Among the lines below, restate word for word only those from the line with "X116.205Y-107.95" through the line with "(kicad_pcb (version 20211014)", with both end lines kept.
Recorded information Block Start
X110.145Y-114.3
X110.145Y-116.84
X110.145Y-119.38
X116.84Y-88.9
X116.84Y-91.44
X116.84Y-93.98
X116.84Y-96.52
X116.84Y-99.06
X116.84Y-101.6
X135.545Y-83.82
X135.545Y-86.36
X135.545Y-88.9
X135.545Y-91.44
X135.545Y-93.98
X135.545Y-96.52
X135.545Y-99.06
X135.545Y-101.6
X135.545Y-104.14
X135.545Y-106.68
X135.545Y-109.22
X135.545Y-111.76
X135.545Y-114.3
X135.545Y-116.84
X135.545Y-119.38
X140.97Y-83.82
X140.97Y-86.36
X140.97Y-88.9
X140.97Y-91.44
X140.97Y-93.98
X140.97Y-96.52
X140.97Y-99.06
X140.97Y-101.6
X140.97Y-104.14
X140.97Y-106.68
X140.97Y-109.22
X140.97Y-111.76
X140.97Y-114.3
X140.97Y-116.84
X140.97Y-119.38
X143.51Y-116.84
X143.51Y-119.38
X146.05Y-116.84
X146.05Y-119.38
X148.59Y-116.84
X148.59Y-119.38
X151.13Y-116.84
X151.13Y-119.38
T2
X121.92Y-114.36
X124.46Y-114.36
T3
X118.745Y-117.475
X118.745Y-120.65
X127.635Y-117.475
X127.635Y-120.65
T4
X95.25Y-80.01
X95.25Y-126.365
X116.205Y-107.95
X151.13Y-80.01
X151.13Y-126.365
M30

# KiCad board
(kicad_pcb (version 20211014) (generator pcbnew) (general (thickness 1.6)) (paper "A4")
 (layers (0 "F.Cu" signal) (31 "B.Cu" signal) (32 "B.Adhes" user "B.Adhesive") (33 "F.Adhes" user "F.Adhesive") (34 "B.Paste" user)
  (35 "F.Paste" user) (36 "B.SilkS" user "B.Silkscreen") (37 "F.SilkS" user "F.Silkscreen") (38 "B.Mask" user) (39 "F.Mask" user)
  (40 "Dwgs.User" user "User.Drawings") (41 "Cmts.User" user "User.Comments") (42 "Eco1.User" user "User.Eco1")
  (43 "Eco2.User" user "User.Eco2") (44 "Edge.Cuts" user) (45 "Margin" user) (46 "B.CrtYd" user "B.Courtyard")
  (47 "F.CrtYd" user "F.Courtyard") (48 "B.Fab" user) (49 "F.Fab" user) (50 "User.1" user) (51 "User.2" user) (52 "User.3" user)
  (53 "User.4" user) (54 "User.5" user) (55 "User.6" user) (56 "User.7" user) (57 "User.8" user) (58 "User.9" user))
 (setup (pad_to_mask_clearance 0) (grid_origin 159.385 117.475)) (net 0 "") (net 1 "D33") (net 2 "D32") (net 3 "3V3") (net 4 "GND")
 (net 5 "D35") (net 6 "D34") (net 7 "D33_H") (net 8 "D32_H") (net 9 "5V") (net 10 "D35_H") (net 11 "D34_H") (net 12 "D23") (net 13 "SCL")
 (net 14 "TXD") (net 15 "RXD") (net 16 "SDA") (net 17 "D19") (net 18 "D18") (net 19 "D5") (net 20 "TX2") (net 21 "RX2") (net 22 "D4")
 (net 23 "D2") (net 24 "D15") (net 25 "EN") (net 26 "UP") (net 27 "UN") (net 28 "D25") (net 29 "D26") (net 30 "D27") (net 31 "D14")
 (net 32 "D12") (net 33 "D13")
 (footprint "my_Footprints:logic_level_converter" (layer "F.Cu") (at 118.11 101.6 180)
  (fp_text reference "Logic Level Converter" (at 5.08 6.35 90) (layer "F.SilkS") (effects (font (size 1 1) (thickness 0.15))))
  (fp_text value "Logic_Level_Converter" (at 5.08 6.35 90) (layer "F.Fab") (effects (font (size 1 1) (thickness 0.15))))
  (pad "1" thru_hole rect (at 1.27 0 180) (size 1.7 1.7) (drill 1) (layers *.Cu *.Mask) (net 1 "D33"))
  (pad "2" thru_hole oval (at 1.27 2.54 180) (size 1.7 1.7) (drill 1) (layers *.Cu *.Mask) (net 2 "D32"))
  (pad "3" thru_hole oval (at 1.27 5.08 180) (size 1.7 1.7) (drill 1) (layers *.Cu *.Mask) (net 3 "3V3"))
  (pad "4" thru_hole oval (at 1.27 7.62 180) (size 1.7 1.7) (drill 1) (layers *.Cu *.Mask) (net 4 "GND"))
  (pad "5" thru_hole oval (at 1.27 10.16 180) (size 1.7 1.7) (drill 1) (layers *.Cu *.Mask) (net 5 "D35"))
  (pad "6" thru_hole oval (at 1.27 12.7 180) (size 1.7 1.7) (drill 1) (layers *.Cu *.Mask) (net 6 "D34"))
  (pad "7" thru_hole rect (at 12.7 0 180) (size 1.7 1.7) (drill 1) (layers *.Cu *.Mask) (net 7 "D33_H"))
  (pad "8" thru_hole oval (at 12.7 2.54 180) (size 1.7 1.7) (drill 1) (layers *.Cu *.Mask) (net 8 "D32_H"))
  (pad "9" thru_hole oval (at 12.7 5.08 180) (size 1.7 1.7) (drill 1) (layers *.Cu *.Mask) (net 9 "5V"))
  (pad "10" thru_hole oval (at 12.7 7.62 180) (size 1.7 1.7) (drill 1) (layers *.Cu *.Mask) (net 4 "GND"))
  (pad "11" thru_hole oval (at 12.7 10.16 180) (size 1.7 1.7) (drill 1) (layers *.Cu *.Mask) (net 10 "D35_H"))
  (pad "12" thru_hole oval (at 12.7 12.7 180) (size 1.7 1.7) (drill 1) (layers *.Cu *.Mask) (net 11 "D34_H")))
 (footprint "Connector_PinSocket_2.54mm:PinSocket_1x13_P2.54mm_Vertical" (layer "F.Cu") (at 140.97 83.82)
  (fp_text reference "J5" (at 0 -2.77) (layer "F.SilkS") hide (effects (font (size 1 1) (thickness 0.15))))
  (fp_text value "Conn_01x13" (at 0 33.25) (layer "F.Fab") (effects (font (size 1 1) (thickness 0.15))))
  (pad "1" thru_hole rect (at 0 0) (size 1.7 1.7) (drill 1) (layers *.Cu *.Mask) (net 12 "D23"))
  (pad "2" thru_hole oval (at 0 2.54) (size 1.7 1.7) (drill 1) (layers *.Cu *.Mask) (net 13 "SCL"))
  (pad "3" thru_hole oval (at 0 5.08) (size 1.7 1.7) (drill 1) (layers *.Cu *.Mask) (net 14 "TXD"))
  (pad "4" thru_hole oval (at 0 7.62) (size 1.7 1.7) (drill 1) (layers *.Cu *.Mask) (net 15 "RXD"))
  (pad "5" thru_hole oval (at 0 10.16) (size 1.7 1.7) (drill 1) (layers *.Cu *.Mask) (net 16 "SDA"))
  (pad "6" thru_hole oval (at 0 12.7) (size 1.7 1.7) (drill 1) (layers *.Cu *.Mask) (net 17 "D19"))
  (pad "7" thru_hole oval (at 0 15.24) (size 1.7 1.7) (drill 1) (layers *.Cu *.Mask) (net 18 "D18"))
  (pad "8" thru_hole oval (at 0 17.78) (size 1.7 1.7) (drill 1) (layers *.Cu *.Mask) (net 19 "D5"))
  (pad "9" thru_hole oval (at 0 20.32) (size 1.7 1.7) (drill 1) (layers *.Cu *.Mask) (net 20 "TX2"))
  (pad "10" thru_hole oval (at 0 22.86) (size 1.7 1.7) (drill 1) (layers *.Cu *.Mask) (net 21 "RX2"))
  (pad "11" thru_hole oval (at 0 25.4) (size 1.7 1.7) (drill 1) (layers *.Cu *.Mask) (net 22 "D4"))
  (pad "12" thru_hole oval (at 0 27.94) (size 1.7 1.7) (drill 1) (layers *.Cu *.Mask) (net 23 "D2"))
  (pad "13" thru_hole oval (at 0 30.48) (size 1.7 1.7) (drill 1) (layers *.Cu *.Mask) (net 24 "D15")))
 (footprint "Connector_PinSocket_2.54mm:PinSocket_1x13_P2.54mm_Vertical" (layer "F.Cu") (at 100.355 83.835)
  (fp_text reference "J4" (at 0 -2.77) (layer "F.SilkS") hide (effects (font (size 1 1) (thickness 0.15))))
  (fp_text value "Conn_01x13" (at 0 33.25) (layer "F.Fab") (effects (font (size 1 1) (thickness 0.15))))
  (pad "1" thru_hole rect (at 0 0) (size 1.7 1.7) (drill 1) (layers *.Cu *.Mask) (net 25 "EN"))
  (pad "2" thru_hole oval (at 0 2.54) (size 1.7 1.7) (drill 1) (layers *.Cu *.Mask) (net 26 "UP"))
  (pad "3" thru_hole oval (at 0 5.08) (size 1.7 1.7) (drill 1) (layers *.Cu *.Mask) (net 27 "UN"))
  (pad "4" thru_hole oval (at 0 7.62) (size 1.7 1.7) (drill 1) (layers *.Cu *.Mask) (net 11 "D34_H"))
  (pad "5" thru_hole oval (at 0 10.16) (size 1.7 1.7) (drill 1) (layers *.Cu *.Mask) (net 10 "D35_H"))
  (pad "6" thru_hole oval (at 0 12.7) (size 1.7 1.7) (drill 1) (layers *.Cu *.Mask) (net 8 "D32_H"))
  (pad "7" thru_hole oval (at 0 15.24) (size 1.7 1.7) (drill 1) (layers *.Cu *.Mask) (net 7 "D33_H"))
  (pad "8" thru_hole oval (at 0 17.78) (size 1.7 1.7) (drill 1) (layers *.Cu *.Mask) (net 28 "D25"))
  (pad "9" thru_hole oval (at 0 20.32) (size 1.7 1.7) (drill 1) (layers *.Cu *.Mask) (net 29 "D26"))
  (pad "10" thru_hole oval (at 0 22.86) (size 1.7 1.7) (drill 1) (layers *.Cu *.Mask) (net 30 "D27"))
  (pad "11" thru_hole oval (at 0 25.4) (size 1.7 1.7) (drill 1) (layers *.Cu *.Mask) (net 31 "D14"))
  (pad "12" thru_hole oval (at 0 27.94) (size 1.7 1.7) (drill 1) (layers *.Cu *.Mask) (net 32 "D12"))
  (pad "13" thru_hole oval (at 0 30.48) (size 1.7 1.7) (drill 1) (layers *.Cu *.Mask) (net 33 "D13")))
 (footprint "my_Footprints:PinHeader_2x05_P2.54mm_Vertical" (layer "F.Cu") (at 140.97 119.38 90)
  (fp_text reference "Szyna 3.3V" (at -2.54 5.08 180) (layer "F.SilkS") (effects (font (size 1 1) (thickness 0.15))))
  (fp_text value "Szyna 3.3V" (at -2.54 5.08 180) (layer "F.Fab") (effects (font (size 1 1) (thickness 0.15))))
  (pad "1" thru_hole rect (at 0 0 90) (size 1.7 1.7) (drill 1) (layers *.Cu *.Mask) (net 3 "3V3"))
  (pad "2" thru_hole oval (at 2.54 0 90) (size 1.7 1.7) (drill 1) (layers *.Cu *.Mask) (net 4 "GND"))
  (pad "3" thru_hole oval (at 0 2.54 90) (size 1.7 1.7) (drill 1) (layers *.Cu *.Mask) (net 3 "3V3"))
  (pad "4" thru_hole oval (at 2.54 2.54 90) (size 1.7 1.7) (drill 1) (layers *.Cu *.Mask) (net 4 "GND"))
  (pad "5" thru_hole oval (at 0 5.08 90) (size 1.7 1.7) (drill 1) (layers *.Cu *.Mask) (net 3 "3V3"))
Recorded information Block End
_Answer space_.
X116.205Y-107.95
X151.13Y-80.01
X151.13Y-126.365
M30

# KiCad board
(kicad_pcb (version 20211014) (generator pcbnew) (general (thickness 1.6)) (paper "A4")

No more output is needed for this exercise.